Restorative schools do not simply teach about relationships; they embody them. The relational culture among adults is the soil in which student behavior and learning take root. When adult culture is fragmented, characterized by cliques, mistrust, or unresolved conflict, students experience that fragmentation implicitly. As the saying goes, one cannot grow a healthy plant in a broken pot. In many schools, the primary challenge is not student behavior, but adult culture. Without relational safety among staff, efforts to foster student regulation and connection are undermined.

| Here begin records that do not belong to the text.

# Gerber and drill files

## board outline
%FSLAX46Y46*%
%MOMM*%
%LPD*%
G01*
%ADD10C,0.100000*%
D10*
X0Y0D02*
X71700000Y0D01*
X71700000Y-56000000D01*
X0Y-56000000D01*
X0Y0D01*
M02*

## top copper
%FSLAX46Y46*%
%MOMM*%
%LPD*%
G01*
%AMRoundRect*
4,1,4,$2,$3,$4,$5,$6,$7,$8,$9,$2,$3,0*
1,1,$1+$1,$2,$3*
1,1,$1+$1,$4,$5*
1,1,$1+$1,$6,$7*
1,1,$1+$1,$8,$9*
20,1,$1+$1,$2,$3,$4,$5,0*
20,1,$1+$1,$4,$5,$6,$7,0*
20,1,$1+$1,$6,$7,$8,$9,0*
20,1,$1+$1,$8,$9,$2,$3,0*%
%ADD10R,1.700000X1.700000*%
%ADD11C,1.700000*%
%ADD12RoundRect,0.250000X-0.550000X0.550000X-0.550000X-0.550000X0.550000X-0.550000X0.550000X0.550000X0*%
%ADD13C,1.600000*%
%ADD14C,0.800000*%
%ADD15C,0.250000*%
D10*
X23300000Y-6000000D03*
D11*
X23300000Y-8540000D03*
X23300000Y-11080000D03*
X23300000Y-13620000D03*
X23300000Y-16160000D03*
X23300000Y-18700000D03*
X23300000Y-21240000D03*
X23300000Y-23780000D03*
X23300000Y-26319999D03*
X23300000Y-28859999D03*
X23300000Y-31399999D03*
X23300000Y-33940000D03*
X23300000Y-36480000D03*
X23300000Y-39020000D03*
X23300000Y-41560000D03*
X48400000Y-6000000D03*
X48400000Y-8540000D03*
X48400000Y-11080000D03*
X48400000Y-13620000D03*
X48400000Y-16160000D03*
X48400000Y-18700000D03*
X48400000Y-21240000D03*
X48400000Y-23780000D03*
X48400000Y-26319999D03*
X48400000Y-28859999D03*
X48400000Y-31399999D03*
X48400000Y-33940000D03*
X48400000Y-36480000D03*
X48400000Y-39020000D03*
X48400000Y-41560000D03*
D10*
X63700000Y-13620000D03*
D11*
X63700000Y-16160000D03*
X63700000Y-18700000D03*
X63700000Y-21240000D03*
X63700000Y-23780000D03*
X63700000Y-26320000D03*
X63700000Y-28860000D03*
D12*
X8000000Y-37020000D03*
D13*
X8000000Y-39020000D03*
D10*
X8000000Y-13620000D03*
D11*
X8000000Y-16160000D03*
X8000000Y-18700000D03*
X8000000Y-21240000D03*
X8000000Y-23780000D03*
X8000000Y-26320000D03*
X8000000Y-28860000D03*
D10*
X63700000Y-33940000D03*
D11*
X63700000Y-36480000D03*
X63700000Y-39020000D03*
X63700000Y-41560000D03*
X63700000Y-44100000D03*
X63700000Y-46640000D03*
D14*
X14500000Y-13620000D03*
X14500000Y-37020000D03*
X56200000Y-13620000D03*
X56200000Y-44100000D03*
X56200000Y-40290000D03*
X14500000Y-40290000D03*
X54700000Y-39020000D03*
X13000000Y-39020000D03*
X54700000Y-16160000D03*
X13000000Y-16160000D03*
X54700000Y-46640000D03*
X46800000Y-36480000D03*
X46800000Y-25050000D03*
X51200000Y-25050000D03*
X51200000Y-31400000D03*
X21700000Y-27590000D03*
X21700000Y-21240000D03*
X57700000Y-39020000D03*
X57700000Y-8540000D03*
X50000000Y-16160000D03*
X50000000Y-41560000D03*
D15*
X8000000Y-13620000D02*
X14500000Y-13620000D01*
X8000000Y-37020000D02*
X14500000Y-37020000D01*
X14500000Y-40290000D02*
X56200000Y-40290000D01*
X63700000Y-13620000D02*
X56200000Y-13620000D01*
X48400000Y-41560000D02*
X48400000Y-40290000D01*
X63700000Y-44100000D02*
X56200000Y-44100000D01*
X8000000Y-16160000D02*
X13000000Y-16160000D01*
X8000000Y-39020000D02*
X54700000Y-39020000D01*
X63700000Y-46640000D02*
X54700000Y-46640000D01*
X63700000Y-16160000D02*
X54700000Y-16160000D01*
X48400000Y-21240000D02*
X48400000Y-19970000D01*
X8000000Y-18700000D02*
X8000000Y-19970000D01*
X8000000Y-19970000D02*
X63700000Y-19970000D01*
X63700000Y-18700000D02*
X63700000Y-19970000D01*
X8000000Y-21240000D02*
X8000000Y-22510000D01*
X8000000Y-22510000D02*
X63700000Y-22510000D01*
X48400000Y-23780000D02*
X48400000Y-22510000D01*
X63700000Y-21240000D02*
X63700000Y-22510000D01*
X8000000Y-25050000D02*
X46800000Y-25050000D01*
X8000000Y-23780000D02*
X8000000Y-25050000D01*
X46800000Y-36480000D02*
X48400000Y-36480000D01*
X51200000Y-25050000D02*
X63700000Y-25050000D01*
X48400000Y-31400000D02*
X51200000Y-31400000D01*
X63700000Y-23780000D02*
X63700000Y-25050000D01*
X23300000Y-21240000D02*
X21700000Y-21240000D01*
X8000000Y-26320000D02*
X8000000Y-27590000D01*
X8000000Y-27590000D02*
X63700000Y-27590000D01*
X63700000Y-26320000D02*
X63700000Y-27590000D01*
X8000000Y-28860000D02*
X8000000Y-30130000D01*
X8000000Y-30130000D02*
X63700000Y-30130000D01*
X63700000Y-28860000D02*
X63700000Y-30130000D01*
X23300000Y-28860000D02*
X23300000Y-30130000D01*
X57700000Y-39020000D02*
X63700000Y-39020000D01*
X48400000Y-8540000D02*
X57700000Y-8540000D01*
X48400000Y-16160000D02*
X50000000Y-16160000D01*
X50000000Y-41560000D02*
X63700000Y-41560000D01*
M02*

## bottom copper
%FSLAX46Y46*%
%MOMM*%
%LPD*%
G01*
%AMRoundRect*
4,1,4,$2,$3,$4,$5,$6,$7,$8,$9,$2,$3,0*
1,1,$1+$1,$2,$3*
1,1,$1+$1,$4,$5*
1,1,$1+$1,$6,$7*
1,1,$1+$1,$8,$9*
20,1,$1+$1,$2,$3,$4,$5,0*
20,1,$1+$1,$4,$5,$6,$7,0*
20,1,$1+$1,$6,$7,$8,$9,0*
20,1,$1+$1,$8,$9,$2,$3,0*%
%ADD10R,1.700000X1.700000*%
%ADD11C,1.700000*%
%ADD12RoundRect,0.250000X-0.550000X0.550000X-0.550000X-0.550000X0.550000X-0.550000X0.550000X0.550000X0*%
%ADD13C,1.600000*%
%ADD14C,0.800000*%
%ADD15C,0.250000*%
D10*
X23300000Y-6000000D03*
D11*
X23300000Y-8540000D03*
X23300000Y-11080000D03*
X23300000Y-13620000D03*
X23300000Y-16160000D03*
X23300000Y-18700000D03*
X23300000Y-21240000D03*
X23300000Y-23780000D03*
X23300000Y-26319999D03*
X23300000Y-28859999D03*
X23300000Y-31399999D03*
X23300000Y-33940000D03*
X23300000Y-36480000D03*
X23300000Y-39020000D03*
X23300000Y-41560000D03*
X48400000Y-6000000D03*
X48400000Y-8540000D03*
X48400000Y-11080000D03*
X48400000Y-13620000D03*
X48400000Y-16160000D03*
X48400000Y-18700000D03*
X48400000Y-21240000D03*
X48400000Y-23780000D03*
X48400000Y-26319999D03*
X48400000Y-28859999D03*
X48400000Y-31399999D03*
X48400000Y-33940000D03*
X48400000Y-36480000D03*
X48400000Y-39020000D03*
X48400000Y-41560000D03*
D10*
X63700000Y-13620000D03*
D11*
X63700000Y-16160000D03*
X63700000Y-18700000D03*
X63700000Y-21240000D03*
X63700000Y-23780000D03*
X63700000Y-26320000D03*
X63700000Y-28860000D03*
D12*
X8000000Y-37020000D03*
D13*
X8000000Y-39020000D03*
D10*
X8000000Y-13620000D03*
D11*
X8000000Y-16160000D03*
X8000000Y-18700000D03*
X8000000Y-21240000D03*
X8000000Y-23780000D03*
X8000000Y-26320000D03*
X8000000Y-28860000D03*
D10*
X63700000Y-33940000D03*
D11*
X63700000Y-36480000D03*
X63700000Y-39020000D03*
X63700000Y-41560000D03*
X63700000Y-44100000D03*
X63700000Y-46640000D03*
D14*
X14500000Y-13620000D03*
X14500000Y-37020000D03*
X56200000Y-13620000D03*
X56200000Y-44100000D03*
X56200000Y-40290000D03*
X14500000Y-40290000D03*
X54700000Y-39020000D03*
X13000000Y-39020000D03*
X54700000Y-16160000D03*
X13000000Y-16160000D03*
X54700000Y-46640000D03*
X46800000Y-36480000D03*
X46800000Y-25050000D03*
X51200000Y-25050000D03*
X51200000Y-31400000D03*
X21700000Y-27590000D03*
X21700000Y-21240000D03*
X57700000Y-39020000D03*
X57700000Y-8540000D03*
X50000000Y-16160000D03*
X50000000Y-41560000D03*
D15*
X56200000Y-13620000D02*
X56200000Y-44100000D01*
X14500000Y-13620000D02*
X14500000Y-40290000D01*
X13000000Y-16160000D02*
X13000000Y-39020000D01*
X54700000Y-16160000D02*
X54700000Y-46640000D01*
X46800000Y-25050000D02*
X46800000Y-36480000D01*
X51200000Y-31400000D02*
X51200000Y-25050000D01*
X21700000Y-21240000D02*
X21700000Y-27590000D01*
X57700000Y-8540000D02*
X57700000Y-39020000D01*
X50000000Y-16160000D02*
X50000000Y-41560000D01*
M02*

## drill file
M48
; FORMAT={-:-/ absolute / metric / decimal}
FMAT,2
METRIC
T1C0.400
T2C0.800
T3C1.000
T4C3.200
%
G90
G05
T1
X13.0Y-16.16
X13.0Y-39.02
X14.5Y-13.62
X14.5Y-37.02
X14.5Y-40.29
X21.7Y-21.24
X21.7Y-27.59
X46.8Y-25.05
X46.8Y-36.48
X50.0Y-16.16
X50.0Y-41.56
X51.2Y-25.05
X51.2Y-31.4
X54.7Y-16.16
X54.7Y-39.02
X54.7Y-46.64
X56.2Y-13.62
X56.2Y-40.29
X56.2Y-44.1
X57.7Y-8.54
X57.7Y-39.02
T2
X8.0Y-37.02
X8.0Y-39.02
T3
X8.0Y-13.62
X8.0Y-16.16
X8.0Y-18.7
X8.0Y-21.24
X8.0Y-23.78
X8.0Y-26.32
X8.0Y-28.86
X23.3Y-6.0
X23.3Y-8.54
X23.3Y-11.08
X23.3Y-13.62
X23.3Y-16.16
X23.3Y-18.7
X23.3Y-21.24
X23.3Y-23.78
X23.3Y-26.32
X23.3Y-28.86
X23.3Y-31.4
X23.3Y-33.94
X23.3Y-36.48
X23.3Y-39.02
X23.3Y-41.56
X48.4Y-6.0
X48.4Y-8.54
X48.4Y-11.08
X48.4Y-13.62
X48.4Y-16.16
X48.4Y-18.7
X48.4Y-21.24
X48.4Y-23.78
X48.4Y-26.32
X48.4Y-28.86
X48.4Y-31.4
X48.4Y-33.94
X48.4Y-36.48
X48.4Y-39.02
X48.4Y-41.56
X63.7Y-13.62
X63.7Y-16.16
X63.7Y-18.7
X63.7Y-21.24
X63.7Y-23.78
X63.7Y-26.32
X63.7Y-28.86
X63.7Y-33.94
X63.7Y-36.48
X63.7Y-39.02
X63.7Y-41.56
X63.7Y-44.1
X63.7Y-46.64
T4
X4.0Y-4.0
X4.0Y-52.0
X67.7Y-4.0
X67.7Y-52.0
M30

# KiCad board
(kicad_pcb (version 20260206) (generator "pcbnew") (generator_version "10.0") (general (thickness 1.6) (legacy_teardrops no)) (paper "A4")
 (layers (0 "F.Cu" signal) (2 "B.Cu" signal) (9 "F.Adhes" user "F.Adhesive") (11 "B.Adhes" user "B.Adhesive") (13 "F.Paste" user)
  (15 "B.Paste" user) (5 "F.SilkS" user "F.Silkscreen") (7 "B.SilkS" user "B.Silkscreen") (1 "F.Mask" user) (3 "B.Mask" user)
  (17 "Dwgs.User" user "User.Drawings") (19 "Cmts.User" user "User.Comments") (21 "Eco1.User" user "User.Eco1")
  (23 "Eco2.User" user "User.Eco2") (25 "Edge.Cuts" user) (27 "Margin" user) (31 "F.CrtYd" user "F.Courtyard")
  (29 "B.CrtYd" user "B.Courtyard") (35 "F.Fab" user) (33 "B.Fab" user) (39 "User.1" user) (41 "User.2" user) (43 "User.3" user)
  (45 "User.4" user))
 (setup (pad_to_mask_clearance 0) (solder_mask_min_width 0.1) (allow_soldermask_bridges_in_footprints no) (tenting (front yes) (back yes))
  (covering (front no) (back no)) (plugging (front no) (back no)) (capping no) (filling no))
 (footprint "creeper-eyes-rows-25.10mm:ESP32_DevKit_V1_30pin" (layer "F.Cu") (at 35.85 23.78)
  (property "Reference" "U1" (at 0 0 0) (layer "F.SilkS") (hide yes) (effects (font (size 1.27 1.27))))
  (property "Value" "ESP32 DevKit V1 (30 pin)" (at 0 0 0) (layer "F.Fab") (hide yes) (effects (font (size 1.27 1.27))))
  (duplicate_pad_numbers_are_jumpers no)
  (pad "1" thru_hole rect (at -12.55 -17.78) (size 1.7 1.7) (drill 1) (layers "*.Cu" "*.Mask") (remove_unused_layers no)
   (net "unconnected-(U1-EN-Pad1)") (thermal_bridge_angle 45))
  (pad "2" thru_hole circle (at -12.55 -15.24) (size 1.7 1.7) (drill 1) (layers "*.Cu" "*.Mask") (remove_unused_layers no)
   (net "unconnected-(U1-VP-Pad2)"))
  (pad "3" thru_hole circle (at -12.55 -12.7) (size 1.7 1.7) (drill 1) (layers "*.Cu" "*.Mask") (remove_unused_layers no)
   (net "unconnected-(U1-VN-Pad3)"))
  (pad "4" thru_hole circle (at -12.55 -10.16) (size 1.7 1.7) (drill 1) (layers "*.Cu" "*.Mask") (remove_unused_layers no)
   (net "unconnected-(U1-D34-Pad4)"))
  (pad "5" thru_hole circle (at -12.55 -7.62) (size 1.7 1.7) (drill 1) (layers "*.Cu" "*.Mask") (remove_unused_layers no)
   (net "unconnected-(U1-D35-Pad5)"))
  (pad "6" thru_hole circle (at -12.55 -5.08) (size 1.7 1.7) (drill 1) (layers "*.Cu" "*.Mask") (remove_unused_layers no)
   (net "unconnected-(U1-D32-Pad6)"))
  (pad "7" thru_hole circle (at -12.55 -2.54) (size 1.7 1.7) (drill 1) (layers "*.Cu" "*.Mask") (remove_unused_layers no) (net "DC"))
  (pad "8" thru_hole circle (at -12.55 0) (size 1.7 1.7) (drill 1) (layers "*.Cu" "*.Mask") (remove_unused_layers no)
   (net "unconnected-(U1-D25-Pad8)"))
  (pad "9" thru_hole circle (at -12.55 2.539999) (size 1.7 1.7) (drill 1) (layers "*.Cu" "*.Mask") (remove_unused_layers no)
   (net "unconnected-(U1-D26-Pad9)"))
  (pad "10" thru_hole circle (at -12.55 5.079999) (size 1.7 1.7) (drill 1) (layers "*.Cu" "*.Mask") (remove_unused_layers no) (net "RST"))
  (pad "11" thru_hole circle (at -12.55 7.619999) (size 1.7 1.7) (drill 1) (layers "*.Cu" "*.Mask") (remove_unused_layers no)
   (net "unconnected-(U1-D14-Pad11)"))
  (pad "12" thru_hole circle (at -12.55 10.16) (size 1.7 1.7) (drill 1) (layers "*.Cu" "*.Mask") (remove_unused_layers no)
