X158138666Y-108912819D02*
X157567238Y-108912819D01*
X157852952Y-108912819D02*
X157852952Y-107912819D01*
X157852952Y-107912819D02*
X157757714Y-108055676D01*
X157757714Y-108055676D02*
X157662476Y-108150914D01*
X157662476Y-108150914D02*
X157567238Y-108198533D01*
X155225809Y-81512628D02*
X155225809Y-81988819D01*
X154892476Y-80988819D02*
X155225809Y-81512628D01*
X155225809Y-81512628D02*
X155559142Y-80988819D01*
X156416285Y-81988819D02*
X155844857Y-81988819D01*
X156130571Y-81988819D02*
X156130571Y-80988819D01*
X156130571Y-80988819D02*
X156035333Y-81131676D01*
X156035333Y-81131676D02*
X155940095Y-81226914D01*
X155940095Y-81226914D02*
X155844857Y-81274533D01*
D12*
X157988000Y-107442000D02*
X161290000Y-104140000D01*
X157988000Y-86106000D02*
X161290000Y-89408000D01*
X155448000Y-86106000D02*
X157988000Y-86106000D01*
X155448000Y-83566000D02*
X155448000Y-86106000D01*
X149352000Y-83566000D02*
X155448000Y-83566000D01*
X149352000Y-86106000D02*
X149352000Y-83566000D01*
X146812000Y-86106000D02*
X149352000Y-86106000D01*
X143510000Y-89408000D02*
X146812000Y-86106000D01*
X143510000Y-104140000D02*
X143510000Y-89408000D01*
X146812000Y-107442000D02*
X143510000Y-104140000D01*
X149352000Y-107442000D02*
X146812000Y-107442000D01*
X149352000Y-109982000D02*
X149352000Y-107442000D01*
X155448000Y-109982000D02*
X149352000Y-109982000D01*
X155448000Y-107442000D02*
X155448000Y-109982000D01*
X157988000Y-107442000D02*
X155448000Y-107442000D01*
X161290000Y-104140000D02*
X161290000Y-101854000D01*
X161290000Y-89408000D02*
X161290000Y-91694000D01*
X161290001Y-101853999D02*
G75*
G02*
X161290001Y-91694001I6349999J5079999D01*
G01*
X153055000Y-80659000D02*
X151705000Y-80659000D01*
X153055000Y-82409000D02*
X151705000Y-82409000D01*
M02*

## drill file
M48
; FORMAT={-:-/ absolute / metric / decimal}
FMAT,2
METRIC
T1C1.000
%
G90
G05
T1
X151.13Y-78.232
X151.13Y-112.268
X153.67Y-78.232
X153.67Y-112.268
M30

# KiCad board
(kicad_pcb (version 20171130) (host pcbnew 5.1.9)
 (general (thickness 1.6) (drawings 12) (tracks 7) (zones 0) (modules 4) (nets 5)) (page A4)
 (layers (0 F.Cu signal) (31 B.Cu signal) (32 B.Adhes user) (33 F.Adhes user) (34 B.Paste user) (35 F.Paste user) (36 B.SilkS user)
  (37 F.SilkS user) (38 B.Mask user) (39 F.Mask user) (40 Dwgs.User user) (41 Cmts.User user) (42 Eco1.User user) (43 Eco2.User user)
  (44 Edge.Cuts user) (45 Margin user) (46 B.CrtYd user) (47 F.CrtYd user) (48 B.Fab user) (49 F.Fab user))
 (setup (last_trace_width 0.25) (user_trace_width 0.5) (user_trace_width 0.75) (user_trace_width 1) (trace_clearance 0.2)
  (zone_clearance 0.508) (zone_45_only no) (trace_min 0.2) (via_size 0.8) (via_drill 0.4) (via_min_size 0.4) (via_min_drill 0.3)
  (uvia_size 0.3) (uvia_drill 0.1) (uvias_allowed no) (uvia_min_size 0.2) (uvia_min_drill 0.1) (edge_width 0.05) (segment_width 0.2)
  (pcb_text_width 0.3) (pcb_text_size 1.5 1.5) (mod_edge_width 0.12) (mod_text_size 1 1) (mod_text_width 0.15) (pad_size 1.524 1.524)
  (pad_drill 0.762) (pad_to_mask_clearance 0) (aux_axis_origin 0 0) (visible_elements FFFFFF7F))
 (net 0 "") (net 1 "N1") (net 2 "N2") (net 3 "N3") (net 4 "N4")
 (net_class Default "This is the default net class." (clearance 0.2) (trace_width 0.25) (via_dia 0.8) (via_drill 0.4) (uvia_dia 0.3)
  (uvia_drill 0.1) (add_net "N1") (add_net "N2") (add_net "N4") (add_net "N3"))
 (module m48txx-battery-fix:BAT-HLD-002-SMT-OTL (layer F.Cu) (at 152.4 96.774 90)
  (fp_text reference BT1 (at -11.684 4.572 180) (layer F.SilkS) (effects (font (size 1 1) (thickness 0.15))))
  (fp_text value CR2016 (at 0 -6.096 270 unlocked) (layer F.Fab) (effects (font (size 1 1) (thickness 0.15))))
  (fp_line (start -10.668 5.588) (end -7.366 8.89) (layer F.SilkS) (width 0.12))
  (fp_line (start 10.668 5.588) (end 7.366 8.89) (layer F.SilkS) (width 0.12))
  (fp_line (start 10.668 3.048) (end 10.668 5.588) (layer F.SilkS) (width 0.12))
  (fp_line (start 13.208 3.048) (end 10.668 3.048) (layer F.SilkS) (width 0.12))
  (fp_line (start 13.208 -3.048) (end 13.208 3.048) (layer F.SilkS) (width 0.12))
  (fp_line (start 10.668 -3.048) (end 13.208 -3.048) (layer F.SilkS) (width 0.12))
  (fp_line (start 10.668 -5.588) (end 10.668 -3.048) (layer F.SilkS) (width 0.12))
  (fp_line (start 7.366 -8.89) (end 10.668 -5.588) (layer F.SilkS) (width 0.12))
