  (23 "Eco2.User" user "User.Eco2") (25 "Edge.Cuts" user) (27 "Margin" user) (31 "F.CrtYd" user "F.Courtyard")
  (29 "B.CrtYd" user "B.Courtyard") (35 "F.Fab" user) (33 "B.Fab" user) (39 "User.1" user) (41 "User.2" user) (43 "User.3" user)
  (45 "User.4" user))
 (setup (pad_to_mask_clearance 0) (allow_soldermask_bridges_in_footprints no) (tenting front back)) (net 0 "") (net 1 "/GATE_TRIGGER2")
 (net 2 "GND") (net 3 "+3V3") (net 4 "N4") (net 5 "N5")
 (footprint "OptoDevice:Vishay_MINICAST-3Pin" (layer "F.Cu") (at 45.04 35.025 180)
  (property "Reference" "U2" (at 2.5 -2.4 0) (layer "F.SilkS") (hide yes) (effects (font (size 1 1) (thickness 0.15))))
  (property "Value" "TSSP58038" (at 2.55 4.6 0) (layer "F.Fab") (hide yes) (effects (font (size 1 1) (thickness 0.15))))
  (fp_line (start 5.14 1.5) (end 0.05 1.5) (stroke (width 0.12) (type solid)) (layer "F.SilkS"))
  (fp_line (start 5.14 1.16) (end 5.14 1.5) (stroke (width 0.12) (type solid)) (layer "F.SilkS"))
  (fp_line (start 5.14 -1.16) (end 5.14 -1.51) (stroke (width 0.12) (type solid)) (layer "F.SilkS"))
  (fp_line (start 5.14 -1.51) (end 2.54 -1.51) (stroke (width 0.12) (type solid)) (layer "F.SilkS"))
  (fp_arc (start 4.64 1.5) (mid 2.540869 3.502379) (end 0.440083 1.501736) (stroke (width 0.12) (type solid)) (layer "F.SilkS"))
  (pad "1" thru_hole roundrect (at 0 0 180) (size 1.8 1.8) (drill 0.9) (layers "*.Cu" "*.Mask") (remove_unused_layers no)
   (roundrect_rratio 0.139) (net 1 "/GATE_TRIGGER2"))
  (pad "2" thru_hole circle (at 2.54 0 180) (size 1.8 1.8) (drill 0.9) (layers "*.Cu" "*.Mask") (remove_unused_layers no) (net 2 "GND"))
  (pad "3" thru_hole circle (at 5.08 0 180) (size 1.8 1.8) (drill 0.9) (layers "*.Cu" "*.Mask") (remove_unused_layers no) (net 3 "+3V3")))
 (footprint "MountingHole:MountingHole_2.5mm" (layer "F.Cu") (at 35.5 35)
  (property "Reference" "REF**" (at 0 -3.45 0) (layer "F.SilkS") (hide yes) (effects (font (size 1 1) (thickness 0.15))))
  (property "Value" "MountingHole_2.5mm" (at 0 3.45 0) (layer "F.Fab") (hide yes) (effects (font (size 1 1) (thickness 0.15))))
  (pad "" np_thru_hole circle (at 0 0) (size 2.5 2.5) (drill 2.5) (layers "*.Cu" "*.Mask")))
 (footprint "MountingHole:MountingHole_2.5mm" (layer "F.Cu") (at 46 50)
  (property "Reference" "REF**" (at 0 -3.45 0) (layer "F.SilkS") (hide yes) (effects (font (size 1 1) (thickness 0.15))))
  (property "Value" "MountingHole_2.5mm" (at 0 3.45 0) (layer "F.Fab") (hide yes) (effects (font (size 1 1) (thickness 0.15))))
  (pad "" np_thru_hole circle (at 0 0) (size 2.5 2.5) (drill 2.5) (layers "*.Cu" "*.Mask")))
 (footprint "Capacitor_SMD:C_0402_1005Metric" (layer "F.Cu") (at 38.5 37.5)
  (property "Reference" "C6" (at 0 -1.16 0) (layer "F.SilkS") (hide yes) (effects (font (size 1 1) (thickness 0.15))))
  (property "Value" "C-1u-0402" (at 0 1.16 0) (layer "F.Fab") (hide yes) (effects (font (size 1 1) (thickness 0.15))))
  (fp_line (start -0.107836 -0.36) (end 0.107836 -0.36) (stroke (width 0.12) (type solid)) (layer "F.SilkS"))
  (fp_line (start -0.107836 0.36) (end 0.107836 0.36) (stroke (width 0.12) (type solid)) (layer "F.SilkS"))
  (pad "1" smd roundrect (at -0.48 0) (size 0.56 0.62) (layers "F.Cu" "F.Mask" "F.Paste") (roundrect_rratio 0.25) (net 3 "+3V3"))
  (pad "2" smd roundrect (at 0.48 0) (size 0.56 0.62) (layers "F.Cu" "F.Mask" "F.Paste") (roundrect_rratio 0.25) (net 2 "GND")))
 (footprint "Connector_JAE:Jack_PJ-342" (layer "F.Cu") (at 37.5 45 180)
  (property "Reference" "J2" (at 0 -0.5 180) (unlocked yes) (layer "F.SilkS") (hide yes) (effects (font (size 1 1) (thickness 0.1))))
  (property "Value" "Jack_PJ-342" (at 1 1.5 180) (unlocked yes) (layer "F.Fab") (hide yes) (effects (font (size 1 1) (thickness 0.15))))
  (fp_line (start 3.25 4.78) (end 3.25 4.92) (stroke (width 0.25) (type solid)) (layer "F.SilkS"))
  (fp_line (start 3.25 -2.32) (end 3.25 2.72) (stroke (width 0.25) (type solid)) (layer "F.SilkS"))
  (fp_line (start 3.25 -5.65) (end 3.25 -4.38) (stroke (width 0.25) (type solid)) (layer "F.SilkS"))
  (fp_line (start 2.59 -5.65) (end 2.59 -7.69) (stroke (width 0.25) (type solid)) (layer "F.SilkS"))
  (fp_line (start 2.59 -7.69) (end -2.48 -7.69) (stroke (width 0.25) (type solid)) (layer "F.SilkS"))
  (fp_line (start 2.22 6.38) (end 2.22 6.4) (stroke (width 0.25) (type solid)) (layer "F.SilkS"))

Neuroscience helps explain why adult relationships matter so deeply. Research on interpersonal synchrony demonstrates that when individuals experience empathy and connection, their nervous systems begin to align through shared affect, mirrored expressions, and coordinated physiological responses (Cirelli, 2014; Feldman, 2007). This synchrony supports co-regulation and trust. When educators experience this level of connection with colleagues, they are more capable of extending it to students. Conversely, when staff environments lack right-brain engagement, emotional attunement, and psychological safety, fragmentation becomes the norm rather than the exception.

Educators today are operating under unprecedented levels of stress. High workloads, accountability pressures, and ongoing social challenges have contributed to rising rates of burnout and compassion fatigue among school staff (Herman, 2018). Chronic stress does not remain contained within individuals; it permeates systems. Developmental research distinguishes between positive stress, tolerable stress, and toxic stress, with the latter emerging when stress is prolonged and unbuffered by supportive relationships (Shonkoff et al., 2012). The most effective buffer against toxic stress is not a program or policy, but relational support.

Healthy relationships also require the capacity for healthy conflict. In psychologically safe environments, individuals feel secure enough to engage in difficult conversations, voice concerns, and challenge ideas without fear of retaliation. Restorative cultures do not eliminate conflict; they create conditions where conflict can be engaged productively. When safety is present, disagreement becomes a source of growth rather than division. This applies as much to adult teams as it does to students.

Ultimately, prioritizing the human must come before prioritizing systems, initiatives, or outcomes. Schools that center relationships acknowledge that learning, behavior, attendance, and culture are all relational phenomena. By investing in adult cohesion, modeling regulation, and fostering environments where connection precedes correction, restorative schools create the conditions for students and staff alike to thrive.